### The records
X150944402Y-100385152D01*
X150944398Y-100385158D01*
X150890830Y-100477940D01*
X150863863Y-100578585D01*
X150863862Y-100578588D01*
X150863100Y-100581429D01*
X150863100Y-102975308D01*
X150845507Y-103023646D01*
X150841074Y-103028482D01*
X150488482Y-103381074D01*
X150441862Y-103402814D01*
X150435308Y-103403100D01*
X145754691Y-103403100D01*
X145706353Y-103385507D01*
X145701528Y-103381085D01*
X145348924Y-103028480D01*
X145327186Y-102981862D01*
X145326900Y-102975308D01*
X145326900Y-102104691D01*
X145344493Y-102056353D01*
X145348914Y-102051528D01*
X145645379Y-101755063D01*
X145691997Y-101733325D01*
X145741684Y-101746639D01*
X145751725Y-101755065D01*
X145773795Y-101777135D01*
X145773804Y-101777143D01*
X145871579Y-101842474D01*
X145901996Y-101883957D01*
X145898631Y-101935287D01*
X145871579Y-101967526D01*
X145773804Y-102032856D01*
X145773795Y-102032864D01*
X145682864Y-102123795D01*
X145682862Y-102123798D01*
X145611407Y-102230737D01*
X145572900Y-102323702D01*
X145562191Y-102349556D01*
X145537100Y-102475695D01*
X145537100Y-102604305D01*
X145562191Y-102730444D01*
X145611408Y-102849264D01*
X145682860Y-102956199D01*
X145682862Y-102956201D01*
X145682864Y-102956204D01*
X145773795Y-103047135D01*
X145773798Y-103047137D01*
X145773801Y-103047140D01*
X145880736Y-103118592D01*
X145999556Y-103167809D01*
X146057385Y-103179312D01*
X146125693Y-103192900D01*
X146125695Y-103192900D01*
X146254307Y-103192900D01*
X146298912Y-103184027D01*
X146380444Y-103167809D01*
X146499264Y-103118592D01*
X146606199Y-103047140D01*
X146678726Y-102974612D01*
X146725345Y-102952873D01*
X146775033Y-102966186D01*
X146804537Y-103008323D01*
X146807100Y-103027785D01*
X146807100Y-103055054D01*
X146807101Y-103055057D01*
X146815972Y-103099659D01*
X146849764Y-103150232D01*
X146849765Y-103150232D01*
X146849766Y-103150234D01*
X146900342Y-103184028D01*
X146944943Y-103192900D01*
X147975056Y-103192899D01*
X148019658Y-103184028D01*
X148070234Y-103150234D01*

--

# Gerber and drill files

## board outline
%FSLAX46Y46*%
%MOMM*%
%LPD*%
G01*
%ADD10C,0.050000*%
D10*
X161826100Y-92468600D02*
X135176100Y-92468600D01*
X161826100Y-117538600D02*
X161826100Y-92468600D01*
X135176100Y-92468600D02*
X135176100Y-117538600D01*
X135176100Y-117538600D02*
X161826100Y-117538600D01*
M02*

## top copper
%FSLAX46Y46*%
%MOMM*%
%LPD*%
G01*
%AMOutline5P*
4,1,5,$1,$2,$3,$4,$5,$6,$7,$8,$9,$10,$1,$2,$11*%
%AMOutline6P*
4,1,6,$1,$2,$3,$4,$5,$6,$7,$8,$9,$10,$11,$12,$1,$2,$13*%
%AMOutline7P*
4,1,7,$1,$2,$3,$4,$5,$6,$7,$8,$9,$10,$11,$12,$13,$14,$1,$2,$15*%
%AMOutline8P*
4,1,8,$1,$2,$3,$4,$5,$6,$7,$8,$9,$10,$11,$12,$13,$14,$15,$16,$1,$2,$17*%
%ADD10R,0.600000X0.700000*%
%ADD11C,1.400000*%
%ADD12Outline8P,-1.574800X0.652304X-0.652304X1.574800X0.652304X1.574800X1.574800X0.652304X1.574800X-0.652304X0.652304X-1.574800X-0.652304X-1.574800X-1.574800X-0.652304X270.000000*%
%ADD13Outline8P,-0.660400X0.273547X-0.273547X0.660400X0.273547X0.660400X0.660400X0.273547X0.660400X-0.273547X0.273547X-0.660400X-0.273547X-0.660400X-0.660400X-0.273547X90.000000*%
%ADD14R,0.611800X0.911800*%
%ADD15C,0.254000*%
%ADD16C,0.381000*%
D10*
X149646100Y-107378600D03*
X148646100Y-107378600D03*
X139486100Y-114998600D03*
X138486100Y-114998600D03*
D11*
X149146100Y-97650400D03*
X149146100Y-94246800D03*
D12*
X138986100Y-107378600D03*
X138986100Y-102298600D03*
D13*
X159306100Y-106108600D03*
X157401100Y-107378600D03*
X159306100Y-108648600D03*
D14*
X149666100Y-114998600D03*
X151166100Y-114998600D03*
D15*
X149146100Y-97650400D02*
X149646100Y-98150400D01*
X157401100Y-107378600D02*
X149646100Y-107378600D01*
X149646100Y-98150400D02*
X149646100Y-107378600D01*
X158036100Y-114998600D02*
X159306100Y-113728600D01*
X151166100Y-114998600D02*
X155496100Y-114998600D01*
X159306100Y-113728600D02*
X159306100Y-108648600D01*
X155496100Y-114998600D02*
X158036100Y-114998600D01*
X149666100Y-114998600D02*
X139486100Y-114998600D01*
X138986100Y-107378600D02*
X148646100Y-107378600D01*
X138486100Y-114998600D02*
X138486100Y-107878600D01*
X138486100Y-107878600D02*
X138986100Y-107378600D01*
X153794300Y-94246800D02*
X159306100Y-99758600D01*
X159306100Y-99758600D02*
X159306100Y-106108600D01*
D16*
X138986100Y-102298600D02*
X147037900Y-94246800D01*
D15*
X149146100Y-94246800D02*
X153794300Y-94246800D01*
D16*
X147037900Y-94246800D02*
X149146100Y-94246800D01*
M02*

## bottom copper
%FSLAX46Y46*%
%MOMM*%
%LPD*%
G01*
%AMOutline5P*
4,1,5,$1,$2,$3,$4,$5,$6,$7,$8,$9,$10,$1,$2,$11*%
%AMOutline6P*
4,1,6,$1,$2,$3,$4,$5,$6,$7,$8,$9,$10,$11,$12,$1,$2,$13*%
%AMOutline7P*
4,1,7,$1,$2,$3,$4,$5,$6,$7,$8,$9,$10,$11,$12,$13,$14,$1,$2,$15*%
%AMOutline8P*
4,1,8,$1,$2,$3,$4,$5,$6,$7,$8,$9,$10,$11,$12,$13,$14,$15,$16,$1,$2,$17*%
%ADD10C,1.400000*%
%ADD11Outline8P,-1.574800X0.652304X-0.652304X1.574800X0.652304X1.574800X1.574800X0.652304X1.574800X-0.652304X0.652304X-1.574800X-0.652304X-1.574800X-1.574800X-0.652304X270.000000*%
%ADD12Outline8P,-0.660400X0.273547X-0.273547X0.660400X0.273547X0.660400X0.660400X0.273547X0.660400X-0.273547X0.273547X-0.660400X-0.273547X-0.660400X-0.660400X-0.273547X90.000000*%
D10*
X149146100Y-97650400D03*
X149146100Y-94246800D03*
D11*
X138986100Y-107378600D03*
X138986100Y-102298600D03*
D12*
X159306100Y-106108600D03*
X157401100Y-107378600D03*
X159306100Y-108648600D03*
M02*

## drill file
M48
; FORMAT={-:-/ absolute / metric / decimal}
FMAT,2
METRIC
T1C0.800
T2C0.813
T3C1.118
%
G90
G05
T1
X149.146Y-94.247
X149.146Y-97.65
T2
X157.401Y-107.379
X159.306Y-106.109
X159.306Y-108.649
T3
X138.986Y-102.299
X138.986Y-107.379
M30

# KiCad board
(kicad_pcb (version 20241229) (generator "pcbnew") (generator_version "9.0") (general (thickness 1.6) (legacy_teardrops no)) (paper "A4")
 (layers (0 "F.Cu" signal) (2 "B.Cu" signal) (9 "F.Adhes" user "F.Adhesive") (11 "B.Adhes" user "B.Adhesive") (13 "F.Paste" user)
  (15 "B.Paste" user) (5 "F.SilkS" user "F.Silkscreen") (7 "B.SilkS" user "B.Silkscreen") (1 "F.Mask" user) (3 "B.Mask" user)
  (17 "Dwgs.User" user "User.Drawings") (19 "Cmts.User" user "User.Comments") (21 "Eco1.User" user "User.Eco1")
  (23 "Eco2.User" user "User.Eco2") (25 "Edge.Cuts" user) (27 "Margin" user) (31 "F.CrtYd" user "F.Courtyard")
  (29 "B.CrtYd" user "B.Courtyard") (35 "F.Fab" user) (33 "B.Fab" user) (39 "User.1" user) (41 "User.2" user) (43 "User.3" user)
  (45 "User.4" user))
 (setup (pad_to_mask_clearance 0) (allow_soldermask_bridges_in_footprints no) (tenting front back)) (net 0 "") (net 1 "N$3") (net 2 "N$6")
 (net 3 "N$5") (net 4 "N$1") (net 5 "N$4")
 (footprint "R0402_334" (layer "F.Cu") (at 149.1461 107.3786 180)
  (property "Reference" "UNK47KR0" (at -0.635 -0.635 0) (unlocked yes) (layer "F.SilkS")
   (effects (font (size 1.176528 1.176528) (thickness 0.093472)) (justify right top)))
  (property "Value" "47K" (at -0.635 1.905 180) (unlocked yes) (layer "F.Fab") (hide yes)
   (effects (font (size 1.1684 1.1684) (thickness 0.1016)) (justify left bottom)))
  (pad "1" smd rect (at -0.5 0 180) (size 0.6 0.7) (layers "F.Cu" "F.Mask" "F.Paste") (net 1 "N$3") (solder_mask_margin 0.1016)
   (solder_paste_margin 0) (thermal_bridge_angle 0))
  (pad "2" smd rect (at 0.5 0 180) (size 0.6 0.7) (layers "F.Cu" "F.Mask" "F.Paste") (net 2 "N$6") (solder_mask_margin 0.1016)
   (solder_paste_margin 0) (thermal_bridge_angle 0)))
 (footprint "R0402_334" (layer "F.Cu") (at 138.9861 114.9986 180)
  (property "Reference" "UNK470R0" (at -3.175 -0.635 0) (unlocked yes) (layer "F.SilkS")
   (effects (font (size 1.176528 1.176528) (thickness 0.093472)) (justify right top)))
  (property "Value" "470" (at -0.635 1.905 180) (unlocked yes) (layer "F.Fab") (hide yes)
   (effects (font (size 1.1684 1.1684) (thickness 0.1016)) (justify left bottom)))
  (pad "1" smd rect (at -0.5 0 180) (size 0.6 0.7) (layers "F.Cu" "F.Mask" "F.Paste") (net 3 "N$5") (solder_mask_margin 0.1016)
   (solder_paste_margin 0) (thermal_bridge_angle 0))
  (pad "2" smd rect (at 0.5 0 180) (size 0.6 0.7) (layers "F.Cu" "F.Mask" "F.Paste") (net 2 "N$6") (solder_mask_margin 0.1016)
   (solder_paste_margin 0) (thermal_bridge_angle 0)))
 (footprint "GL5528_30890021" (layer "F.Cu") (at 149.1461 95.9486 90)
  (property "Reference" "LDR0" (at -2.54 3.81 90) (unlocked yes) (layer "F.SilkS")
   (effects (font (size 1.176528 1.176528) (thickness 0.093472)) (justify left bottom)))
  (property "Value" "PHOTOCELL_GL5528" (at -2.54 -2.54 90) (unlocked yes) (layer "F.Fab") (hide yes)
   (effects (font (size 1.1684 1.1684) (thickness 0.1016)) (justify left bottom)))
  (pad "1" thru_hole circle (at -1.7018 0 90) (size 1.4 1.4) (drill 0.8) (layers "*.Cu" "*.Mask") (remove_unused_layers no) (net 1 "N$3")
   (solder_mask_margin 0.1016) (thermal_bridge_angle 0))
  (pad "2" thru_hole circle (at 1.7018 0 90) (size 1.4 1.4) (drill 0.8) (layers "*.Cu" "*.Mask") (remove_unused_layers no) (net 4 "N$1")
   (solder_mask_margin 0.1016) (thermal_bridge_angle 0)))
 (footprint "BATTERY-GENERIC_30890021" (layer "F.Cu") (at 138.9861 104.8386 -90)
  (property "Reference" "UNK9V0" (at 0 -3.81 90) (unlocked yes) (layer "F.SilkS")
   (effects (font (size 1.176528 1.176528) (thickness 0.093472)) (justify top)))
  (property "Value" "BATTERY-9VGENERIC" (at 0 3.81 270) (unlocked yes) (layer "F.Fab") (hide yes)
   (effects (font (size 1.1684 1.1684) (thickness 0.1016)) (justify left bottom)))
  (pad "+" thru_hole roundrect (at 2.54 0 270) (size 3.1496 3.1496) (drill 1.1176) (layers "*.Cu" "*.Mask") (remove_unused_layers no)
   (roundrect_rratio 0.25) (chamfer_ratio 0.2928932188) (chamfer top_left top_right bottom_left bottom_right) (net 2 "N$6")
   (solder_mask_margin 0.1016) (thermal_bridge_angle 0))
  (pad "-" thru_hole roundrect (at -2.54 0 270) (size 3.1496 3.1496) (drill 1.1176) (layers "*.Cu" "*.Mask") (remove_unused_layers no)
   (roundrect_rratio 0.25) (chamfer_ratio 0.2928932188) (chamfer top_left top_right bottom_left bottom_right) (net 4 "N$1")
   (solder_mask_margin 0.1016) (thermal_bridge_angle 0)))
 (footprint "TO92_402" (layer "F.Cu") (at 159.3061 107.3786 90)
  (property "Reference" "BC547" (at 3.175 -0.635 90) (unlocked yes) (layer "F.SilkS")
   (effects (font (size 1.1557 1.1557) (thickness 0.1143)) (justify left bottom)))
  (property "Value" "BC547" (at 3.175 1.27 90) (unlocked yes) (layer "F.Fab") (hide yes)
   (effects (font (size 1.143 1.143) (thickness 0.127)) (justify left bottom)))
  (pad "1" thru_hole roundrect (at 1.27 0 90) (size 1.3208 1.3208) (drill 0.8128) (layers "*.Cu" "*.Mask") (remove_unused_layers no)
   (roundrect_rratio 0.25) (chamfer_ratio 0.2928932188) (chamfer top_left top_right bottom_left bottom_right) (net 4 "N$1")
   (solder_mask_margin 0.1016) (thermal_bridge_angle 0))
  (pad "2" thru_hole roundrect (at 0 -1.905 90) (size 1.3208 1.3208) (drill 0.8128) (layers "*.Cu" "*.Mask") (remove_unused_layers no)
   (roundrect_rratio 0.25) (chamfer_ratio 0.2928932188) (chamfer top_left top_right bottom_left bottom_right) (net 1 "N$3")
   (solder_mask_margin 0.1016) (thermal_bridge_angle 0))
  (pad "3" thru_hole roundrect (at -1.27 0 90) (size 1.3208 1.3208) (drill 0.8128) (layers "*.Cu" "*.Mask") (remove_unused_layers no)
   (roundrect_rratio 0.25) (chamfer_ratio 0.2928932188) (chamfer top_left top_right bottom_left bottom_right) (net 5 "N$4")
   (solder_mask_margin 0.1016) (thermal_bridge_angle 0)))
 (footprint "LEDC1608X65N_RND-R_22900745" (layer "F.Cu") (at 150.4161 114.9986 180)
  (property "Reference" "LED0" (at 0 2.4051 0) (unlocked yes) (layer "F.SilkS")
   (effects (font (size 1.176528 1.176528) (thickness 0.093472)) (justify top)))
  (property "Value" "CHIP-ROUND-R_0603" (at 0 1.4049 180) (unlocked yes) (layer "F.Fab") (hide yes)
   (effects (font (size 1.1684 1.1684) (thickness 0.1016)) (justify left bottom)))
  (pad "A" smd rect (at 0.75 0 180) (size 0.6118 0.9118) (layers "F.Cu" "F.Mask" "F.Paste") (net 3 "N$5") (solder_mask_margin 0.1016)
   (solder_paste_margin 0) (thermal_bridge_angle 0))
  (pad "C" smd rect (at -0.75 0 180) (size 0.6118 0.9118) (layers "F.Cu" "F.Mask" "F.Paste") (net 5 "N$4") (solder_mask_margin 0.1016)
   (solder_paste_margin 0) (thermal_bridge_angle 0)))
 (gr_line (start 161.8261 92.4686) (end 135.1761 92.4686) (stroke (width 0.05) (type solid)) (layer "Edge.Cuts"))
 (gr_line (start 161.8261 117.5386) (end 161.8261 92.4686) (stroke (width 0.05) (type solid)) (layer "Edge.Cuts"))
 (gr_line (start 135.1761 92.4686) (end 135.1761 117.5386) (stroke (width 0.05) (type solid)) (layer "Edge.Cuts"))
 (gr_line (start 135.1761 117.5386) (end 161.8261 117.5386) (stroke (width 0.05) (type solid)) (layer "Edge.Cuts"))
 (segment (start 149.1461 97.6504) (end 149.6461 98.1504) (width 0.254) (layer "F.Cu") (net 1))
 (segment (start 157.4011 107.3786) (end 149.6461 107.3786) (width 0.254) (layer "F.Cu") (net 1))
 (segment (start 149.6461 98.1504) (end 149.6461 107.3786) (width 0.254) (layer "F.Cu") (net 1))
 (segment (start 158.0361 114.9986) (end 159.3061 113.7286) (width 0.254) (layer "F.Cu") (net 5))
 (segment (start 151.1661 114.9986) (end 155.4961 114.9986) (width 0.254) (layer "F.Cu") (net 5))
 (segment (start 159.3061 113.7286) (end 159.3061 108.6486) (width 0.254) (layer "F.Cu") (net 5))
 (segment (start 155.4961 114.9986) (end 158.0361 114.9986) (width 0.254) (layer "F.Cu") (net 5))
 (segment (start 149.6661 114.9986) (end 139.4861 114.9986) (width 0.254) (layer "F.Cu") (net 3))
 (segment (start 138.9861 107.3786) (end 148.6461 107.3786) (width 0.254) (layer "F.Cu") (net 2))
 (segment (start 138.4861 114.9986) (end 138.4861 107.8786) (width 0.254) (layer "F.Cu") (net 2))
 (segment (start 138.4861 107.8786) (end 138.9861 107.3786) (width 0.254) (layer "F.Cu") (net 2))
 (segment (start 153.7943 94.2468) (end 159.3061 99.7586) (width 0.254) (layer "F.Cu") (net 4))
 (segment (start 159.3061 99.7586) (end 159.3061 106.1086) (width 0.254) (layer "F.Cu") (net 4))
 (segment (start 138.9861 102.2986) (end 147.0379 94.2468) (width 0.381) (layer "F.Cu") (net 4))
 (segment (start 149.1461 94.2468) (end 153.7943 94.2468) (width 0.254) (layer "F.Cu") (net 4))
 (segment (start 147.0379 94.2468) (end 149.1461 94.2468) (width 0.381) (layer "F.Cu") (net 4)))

### The task
Across all the material above, work out how many lines hold the word "Courtyard", and answer with that number only.

### Exercise output
2